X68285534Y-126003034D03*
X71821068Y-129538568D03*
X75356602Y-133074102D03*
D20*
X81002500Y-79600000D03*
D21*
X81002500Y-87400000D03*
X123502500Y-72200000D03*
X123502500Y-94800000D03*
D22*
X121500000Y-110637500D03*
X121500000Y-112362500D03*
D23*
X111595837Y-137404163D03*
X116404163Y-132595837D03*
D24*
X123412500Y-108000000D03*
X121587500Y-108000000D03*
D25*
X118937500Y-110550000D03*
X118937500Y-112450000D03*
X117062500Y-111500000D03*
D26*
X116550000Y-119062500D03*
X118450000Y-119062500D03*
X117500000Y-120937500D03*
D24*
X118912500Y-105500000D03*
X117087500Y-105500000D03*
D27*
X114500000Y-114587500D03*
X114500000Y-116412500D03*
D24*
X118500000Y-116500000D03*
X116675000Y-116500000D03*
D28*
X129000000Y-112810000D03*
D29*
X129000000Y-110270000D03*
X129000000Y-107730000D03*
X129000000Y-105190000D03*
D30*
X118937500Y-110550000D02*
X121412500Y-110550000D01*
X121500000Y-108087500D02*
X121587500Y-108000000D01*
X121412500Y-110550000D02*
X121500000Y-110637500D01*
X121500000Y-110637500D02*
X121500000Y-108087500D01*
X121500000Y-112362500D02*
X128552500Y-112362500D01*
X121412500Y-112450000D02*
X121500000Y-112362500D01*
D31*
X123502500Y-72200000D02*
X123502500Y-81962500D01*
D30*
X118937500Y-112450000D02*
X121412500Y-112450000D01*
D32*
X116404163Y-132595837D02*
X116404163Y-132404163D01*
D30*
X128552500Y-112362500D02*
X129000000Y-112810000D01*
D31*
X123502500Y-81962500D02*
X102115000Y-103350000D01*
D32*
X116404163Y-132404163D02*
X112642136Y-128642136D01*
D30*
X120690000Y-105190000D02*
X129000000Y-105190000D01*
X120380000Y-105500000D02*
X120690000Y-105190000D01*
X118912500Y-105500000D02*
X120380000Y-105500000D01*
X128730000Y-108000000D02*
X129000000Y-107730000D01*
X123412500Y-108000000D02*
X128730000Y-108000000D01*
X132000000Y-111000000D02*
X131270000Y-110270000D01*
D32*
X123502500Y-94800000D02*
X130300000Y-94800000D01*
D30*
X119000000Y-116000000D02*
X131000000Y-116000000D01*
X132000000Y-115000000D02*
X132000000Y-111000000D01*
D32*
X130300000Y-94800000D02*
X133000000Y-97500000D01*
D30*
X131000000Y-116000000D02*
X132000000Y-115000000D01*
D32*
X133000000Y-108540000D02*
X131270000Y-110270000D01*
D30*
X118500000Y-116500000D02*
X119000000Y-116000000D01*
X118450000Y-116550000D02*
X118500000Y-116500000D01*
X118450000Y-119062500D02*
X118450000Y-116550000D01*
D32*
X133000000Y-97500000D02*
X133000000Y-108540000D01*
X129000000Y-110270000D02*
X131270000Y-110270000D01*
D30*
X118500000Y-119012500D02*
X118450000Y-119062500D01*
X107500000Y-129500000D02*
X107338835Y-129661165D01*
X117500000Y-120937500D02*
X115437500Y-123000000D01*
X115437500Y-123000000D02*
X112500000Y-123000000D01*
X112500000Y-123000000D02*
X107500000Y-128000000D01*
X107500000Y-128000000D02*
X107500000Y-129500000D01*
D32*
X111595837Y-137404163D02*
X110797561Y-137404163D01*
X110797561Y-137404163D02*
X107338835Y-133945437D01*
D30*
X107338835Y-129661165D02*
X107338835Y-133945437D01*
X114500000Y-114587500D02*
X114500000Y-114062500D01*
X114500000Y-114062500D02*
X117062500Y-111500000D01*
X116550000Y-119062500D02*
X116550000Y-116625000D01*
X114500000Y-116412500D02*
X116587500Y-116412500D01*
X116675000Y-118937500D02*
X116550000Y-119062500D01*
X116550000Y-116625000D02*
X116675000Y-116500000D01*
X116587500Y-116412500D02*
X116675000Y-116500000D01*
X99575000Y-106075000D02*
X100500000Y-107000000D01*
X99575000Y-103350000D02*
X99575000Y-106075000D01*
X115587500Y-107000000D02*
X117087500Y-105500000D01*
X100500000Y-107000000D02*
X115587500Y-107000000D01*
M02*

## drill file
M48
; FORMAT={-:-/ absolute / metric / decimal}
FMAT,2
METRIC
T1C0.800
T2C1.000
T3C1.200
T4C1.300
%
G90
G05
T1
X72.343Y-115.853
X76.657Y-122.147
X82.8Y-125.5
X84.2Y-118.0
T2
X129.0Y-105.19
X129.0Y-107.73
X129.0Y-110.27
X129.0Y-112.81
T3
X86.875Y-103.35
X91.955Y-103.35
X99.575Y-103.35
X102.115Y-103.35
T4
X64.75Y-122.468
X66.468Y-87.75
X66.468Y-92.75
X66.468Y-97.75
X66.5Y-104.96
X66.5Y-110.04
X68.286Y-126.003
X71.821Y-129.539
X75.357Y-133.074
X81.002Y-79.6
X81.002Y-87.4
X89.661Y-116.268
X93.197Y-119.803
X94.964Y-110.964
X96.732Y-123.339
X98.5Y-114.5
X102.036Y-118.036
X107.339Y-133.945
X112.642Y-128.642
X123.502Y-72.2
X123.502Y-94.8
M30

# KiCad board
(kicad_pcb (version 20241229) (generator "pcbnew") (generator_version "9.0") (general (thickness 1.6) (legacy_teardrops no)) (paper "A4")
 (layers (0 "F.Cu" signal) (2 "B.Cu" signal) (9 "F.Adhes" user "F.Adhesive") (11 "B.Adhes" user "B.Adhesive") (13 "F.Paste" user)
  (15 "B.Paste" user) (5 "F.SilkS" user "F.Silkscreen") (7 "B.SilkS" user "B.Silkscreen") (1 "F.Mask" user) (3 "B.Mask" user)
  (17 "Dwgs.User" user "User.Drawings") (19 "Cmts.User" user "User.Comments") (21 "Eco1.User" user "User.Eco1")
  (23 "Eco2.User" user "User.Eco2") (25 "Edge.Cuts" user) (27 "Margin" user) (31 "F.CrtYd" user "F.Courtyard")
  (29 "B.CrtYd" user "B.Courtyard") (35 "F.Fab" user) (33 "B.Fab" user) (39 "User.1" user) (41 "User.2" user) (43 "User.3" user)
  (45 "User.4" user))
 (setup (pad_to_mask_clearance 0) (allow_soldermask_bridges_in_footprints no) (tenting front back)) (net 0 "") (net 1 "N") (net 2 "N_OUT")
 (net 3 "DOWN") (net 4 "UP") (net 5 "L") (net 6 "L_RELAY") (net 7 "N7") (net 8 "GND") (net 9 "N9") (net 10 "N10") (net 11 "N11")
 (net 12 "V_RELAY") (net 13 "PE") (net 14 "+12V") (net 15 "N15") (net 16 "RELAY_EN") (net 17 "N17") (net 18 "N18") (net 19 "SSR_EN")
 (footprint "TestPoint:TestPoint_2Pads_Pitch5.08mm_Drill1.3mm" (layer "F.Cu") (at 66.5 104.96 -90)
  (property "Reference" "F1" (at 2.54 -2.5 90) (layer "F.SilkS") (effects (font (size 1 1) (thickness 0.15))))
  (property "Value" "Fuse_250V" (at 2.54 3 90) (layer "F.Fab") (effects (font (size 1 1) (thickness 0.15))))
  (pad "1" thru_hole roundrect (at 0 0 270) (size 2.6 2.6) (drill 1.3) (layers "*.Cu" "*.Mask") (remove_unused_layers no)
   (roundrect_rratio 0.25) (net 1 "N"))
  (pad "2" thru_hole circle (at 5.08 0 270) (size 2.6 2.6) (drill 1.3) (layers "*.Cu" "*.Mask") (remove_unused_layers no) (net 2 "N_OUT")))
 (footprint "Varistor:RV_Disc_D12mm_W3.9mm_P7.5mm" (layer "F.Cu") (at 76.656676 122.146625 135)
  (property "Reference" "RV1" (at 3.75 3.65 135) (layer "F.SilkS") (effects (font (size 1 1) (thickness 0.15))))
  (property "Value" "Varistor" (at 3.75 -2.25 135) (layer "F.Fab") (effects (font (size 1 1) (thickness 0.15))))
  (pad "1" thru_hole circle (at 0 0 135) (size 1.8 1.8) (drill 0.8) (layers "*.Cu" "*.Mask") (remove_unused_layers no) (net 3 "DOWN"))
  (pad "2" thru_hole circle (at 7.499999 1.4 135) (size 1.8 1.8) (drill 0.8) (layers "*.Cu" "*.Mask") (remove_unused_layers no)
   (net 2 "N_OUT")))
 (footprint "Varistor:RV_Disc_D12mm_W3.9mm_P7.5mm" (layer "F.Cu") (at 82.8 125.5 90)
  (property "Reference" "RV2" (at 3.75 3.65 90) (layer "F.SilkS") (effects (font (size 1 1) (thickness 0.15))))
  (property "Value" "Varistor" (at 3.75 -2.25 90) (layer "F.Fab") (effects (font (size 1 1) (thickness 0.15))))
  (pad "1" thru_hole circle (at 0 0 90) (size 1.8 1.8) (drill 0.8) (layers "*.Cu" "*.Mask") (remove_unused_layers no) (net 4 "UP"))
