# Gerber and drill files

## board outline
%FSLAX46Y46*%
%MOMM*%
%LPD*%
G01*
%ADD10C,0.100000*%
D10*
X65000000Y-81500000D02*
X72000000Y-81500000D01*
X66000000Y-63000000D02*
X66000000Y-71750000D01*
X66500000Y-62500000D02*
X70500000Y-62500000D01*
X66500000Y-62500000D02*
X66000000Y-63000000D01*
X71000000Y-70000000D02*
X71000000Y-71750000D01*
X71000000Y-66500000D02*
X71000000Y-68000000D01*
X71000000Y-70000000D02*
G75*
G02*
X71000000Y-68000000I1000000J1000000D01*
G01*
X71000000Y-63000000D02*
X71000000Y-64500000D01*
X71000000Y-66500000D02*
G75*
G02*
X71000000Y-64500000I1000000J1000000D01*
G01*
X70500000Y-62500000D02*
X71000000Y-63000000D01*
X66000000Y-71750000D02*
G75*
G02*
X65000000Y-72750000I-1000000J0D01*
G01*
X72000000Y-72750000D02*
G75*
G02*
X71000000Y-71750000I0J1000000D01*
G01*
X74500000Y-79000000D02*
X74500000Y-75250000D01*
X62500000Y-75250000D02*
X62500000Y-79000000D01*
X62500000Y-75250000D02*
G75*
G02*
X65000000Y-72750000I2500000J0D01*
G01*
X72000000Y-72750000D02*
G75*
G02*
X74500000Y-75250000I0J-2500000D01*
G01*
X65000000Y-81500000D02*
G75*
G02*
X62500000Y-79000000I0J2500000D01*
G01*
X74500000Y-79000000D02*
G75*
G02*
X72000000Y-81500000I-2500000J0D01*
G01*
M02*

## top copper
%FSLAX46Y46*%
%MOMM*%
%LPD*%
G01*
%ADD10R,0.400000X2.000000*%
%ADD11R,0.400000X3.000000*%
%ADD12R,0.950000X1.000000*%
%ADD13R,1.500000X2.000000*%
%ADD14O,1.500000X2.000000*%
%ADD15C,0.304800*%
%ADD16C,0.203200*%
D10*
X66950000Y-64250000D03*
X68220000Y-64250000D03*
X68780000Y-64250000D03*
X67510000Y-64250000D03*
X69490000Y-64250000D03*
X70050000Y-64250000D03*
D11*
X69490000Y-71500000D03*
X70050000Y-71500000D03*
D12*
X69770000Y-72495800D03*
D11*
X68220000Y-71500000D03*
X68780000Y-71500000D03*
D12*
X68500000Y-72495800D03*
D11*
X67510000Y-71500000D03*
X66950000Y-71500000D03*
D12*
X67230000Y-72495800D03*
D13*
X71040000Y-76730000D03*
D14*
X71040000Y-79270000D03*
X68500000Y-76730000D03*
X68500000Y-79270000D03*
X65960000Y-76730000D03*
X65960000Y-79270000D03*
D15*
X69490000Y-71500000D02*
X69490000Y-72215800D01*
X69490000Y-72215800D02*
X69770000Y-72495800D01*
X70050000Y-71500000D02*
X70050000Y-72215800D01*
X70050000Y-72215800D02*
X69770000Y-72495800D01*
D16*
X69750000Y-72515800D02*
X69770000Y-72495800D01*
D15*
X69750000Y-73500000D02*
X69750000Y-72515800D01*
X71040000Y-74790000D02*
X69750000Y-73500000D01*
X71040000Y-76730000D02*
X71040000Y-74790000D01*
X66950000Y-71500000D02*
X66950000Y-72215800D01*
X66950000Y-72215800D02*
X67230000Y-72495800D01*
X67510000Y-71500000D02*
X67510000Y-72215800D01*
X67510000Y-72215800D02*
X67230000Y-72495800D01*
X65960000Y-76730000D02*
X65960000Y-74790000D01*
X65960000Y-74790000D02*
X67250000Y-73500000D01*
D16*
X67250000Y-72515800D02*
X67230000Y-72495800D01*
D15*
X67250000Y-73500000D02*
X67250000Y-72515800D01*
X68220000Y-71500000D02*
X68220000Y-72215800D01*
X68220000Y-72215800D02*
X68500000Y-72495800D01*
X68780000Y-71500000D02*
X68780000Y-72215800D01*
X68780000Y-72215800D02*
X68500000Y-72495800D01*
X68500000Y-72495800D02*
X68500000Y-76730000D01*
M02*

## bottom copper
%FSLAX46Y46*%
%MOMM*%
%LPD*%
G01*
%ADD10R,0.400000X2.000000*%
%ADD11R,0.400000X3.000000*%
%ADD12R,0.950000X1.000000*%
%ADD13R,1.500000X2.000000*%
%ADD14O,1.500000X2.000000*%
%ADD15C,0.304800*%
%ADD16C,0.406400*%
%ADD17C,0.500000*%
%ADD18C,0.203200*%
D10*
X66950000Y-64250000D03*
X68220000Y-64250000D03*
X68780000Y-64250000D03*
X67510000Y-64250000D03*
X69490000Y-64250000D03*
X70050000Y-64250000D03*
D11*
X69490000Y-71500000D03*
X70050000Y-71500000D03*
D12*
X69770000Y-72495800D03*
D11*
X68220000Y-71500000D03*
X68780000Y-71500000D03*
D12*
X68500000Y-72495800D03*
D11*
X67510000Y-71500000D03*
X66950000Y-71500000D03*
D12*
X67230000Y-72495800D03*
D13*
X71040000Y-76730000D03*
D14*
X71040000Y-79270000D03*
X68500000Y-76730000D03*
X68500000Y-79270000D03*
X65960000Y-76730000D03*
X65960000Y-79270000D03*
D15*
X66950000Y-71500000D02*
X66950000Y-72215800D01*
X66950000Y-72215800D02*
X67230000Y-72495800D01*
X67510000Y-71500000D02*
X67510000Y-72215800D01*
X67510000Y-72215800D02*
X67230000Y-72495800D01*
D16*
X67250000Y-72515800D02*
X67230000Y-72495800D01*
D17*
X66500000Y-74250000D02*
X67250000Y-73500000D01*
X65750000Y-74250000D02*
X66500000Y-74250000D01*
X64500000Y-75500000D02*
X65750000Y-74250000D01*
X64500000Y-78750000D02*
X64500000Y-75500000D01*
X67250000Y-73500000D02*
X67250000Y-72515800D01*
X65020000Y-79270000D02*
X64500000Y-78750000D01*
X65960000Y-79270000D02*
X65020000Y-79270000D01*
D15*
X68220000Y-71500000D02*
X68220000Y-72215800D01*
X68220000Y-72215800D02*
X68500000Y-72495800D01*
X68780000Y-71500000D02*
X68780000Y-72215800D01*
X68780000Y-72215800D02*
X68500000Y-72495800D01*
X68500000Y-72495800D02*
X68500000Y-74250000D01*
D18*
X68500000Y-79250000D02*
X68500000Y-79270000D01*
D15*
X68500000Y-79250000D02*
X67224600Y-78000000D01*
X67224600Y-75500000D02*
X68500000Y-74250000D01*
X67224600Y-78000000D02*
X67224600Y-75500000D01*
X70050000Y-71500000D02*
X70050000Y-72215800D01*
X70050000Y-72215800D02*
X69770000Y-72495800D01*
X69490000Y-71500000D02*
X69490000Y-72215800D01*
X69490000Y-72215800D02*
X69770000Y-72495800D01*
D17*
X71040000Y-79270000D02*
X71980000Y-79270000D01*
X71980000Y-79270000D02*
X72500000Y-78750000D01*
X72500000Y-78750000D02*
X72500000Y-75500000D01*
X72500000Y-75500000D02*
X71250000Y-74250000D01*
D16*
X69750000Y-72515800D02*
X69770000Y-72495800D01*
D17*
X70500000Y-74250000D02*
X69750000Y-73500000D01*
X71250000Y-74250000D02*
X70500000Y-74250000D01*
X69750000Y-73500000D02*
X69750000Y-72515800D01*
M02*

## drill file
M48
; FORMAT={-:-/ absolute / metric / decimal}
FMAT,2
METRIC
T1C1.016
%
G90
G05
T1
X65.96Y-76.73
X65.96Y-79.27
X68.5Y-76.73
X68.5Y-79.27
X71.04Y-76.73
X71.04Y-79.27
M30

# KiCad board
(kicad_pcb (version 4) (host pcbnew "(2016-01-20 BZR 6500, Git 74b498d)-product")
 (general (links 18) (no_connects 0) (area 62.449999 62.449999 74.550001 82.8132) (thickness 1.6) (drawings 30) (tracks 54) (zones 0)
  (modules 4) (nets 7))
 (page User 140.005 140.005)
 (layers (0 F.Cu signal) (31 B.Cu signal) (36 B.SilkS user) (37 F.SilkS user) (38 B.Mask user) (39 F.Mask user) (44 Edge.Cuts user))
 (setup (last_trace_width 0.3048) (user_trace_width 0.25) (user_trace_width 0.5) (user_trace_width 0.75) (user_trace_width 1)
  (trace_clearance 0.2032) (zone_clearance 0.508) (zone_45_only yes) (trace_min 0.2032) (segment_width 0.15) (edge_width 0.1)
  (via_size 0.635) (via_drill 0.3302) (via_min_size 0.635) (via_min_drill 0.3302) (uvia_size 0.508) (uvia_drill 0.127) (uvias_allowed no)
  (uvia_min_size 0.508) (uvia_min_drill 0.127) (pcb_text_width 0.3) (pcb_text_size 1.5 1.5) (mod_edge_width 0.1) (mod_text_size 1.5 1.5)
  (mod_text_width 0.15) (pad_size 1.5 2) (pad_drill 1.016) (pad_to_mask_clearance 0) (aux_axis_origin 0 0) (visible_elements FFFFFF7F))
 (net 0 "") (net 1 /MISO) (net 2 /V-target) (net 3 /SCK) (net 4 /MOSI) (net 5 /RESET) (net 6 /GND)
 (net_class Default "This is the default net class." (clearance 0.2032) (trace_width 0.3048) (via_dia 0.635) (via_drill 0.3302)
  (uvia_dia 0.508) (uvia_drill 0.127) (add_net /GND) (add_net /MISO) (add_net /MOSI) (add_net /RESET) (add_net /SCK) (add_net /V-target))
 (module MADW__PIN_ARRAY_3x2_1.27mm (layer F.Cu) (at 68.5 68) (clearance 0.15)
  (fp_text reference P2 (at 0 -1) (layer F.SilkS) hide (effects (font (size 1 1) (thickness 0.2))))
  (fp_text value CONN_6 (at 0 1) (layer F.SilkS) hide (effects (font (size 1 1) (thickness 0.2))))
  (pad ~ smd rect (at -1.55 -3.75) (size 0.4 2) (layers F.Cu F.Mask))
  (pad ~ smd rect (at -0.28 -3.75) (size 0.4 2) (layers F.Cu F.Mask))
  (pad ~ smd rect (at 0.28 -3.75) (size 0.4 2) (layers F.Cu F.Mask))
  (pad ~ smd rect (at -0.99 -3.75) (size 0.4 2) (layers F.Cu F.Mask))
  (pad ~ smd rect (at 0.99 -3.75) (size 0.4 2) (layers F.Cu F.Mask))
  (pad ~ smd rect (at 1.55 -3.75) (size 0.4 2) (layers F.Cu F.Mask))
  (pad ~ smd rect (at -1.55 -3.75) (size 0.4 2) (layers B.Cu F.Mask))
  (pad ~ smd rect (at -0.28 -3.75) (size 0.4 2) (layers B.Cu F.Mask))
  (pad ~ smd rect (at 0.28 -3.75) (size 0.4 2) (layers B.Cu F.Mask))
  (pad ~ smd rect (at -0.99 -3.75) (size 0.4 2) (layers B.Cu F.Mask))
  (pad ~ smd rect (at 0.99 -3.75) (size 0.4 2) (layers B.Cu F.Mask))
  (pad ~ smd rect (at 1.55 -3.75) (size 0.4 2) (layers B.Cu F.Mask))
  (pad 1 smd rect (at 0.99 3.5) (size 0.4 3) (layers F.Cu F.Mask) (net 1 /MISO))
  (pad 1 smd rect (at 1.55 3.5) (size 0.4 3) (layers F.Cu F.Mask) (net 1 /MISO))
  (pad 1 smd rect (at 1.27 4.4958) (size 0.95 1) (layers F.Cu F.Mask) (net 1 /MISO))
  (pad 2 smd rect (at 0.99 3.5) (size 0.4 3) (layers B.Cu F.Mask) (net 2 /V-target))
  (pad 2 smd rect (at 1.55 3.5) (size 0.4 3) (layers B.Cu F.Mask) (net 2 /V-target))
  (pad 2 smd rect (at 1.27 4.4958) (size 0.95 1) (layers B.Cu B.Mask) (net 2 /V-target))
  (pad 3 smd rect (at -0.28 3.5) (size 0.4 3) (layers F.Cu F.Mask) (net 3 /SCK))
  (pad 3 smd rect (at 0.28 3.5) (size 0.4 3) (layers F.Cu F.Mask) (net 3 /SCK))
  (pad 3 smd rect (at 0 4.4958) (size 0.95 1) (layers F.Cu F.Mask) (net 3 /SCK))
  (pad 4 smd rect (at -0.28 3.5) (size 0.4 3) (layers B.Cu F.Mask) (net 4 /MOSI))
  (pad 4 smd rect (at 0.28 3.5) (size 0.4 3) (layers B.Cu F.Mask) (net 4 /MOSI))
  (pad 4 smd rect (at 0 4.4958) (size 0.95 1) (layers B.Cu B.Mask) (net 4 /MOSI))
  (pad 5 smd rect (at -0.99 3.5) (size 0.4 3) (layers F.Cu F.Mask) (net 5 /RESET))
  (pad 5 smd rect (at -1.55 3.5) (size 0.4 3) (layers F.Cu F.Mask) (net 5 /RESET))
  (pad 5 smd rect (at -1.27 4.4958) (size 0.95 1) (layers F.Cu F.Mask) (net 5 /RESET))
  (pad 6 smd rect (at -0.99 3.5) (size 0.4 3) (layers B.Cu F.Mask) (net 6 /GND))
  (pad 6 smd rect (at -1.55 3.5) (size 0.4 3) (layers B.Cu F.Mask) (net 6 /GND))
  (pad 6 smd rect (at -1.27 4.4958) (size 0.95 1) (layers B.Cu B.Mask) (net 6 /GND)))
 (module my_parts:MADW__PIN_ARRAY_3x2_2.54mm (layer F.Cu) (at 68.5 78)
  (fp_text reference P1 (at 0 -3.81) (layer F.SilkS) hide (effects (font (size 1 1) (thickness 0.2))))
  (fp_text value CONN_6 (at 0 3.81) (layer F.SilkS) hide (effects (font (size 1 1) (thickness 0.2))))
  (pad 1 thru_hole rect (at 2.54 -1.27) (size 1.5 2) (drill 1.016) (layers *.Cu *.Mask F.SilkS) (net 1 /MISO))
  (pad 2 thru_hole oval (at 2.54 1.27) (size 1.5 2) (drill 1.016) (layers *.Cu *.Mask F.SilkS) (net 2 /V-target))
  (pad 3 thru_hole oval (at 0 -1.27) (size 1.5 2) (drill 1.016) (layers *.Cu *.Mask F.SilkS) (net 3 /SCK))
  (pad 4 thru_hole oval (at 0 1.27) (size 1.5 2) (drill 1.016) (layers *.Cu *.Mask F.SilkS) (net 4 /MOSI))
  (pad 5 thru_hole oval (at -2.54 -1.27) (size 1.5 2) (drill 1.016) (layers *.Cu *.Mask F.SilkS) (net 5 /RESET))
  (pad 6 thru_hole oval (at -2.54 1.27) (size 1.5 2) (drill 1.016) (layers *.Cu *.Mask F.SilkS) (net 6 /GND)))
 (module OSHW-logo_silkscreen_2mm (layer F.Cu) (at 71.95 74.2)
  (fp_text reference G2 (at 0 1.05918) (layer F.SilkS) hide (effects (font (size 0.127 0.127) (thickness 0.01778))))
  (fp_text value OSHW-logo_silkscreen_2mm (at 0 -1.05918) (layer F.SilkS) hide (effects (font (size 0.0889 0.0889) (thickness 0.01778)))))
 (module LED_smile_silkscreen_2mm (layer F.Cu) (at 64.75 74.25)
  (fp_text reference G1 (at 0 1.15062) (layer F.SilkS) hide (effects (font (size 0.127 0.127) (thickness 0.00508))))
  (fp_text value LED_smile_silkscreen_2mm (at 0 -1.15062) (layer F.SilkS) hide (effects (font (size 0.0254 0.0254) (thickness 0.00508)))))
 (gr_line (start 65 81.5) (end 72 81.5) (layer Edge.Cuts) (width 0.1))
 (gr_line (start 66 63) (end 66 71.75) (angle 90) (layer Edge.Cuts) (width 0.1))
 (gr_line (start 66.5 62.5) (end 70.5 62.5) (angle 90) (layer Edge.Cuts) (width 0.1))
 (gr_line (start 66.5 62.5) (end 66 63) (angle 90) (layer Edge.Cuts) (width 0.1))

- - - - -

#### WORK ORDER:
From the data above, copy each line that holds "pcbnew".

#### SOLUTION TO THE PROBLEM:
(kicad_pcb (version 20241229) (generator "pcbnew") (generator_version "9.0") (general (thickness 1.6) (legacy_teardrops no)) (paper "A4")
(kicad_pcb (version 4) (host pcbnew "(2016-01-20 BZR 6500, Git 74b498d)-product")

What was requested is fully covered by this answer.